WAWASAN KEPEGAWAIAN: PENTINGNYA PAKTA INTEGRITAS

Posted on Updated on

Disaat diperlukannya sebuah komitmen bersama dengan menunjukan itikad baik untuk bertanggungjawab dan menjalankan tugas sesuai dengan ketentuan yang berlaku maka perlu kiranya kita melaksanakan penandatangan pakta integritas.

Integritas merupakan mutu, sifat atau keadaan yang menunjukan kesatian yang utuh sehingga memiliki potensi dan kemampuan yang memancarkan kewibawaan dan atau kejujuran. Sedangkan pakta merupakan bentuk perjanjian. Sehingga dapat kita sebut bahwa pakta integritas merupakan pernyataan janji bersama atau komitmen sebagai bentuk kesanggupan untuk patuh terhadap ketentuan yang berlaku. Dokumen tertulis ini biasanya digunakan oleh pihak swata, perusahaan ataupun pemerintah dalam rangka mencegah terjadinya tidakan korupsi.

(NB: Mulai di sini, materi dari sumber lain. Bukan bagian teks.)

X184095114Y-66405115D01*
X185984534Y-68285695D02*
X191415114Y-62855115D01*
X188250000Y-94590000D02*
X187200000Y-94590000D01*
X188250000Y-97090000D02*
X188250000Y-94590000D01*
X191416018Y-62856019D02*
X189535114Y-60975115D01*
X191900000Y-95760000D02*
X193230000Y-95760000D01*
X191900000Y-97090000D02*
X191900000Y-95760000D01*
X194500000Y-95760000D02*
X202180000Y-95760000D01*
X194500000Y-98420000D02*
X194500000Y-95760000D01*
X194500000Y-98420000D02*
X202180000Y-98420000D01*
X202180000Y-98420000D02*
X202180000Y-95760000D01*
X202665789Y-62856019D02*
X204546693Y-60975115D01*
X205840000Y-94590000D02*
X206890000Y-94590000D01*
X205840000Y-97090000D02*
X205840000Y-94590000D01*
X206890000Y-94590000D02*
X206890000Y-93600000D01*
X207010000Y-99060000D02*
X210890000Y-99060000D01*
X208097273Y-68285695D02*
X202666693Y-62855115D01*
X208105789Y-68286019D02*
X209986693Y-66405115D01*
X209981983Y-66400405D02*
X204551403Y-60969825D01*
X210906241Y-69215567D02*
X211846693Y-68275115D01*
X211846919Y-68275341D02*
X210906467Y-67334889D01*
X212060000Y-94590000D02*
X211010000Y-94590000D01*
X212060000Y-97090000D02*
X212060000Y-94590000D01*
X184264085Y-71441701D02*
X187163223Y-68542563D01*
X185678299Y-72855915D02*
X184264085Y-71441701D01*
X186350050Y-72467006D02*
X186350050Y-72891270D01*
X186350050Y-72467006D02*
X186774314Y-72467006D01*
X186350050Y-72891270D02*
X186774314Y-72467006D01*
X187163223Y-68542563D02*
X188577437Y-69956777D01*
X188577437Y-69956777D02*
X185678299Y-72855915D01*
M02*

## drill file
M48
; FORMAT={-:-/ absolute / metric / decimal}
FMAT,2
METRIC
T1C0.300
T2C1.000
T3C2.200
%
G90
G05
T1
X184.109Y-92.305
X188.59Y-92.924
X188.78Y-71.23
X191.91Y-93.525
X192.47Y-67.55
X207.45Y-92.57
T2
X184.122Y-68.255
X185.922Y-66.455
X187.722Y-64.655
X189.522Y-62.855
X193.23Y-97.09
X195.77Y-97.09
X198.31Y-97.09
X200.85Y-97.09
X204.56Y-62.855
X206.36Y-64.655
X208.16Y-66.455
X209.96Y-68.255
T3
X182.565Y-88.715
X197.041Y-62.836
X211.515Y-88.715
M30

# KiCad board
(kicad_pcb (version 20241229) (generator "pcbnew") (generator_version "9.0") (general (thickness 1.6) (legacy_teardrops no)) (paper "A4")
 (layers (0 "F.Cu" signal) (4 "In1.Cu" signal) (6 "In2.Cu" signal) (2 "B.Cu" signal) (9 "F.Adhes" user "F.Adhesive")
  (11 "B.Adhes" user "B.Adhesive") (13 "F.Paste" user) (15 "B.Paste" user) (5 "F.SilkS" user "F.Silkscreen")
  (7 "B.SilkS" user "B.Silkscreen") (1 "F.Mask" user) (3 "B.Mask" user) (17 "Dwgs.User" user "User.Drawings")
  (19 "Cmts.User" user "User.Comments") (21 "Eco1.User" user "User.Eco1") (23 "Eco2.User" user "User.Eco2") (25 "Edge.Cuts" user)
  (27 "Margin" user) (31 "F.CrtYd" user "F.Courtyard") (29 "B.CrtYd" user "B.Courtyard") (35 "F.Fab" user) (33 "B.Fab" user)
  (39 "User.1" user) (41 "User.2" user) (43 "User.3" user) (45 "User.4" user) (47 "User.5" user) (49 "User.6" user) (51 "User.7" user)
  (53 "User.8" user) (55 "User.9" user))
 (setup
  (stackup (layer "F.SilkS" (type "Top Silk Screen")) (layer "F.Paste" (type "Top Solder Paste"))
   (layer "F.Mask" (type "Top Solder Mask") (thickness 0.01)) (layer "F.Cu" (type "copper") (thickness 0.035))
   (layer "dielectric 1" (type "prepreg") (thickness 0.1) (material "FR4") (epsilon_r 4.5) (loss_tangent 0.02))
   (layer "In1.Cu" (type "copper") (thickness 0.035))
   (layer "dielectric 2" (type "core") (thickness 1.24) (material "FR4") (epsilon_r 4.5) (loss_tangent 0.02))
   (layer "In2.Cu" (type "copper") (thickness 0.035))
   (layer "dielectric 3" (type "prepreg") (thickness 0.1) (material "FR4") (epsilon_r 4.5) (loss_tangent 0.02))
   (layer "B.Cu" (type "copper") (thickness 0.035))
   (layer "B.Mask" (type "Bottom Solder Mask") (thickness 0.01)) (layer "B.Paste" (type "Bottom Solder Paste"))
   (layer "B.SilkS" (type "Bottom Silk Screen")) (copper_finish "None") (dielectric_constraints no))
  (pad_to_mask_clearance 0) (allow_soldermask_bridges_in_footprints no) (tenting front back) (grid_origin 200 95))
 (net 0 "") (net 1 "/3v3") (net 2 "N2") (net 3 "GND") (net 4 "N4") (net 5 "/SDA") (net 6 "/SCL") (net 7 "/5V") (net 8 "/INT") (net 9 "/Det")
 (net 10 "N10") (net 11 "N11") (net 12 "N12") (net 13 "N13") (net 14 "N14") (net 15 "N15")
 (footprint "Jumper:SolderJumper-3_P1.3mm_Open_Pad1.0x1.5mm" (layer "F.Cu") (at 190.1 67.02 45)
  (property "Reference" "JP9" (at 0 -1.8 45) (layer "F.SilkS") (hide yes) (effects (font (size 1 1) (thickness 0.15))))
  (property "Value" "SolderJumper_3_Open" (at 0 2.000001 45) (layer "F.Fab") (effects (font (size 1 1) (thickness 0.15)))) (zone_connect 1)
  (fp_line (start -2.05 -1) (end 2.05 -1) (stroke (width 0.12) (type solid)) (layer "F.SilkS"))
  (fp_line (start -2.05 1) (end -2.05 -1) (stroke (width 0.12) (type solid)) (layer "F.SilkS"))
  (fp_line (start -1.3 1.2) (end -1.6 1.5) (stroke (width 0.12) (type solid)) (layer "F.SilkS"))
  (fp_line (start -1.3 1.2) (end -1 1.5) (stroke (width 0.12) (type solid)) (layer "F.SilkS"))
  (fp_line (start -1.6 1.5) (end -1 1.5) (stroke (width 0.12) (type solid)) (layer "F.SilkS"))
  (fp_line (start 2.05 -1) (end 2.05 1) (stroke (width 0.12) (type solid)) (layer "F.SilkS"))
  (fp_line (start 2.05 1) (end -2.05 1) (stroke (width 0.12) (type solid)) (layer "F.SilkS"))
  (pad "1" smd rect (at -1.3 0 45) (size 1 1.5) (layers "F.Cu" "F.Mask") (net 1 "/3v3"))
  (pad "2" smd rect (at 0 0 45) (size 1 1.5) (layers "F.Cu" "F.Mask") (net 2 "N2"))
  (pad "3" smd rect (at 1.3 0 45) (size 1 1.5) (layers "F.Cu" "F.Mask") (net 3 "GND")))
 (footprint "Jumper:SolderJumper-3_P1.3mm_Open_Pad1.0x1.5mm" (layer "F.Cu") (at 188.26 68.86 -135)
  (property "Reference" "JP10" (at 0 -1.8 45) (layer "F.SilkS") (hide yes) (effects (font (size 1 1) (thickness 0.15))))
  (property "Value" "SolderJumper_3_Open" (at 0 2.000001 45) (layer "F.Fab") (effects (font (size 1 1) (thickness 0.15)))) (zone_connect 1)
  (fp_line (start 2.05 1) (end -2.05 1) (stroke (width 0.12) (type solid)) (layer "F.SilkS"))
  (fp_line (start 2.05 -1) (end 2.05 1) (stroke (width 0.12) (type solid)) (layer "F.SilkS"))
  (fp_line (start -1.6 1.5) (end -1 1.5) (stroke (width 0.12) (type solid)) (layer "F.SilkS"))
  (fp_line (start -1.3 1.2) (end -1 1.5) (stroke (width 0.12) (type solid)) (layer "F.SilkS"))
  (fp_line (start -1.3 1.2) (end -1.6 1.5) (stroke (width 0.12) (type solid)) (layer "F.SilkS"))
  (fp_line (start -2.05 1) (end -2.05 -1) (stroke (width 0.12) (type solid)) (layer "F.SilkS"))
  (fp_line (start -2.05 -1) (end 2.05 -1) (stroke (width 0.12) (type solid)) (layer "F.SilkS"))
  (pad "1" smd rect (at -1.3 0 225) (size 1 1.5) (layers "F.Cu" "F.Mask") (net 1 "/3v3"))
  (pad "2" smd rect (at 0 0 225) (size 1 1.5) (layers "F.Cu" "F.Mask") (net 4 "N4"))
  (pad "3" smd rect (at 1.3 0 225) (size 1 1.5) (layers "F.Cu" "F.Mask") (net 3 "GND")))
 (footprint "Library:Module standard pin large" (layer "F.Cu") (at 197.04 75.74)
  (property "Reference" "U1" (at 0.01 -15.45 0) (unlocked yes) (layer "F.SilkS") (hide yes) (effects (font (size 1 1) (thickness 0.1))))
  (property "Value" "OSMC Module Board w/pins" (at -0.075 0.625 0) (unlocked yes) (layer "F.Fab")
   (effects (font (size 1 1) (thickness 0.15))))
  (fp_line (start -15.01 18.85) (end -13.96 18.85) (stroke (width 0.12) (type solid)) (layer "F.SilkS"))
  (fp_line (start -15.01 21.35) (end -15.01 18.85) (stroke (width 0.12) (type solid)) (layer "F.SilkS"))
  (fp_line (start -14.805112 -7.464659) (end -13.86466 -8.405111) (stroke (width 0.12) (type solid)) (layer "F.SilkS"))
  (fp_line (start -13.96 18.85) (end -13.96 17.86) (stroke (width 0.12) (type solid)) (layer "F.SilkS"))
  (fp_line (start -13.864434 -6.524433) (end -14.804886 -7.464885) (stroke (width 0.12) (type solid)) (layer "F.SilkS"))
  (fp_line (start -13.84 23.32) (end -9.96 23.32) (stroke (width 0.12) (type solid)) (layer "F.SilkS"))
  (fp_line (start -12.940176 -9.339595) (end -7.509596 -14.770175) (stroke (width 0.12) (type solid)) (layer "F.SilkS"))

Penerapan penandatanganan perjanjian ini dalam penyelenggaraan pemerintah merupakan langkah untuk memastikan bahwa aparatur sanggup untuk melaksanakan tugas dan tanggung jawabnya serta peran dan wewenangnya sesuai dengan peraturan perundang-undangan. Selain itu dokumen tersebut merupakan wujud penyelenggraan pemerintah yang akuntabel, transparan dan bertanggungjawab dalam rangka menciptakan pemerintahan yang baik.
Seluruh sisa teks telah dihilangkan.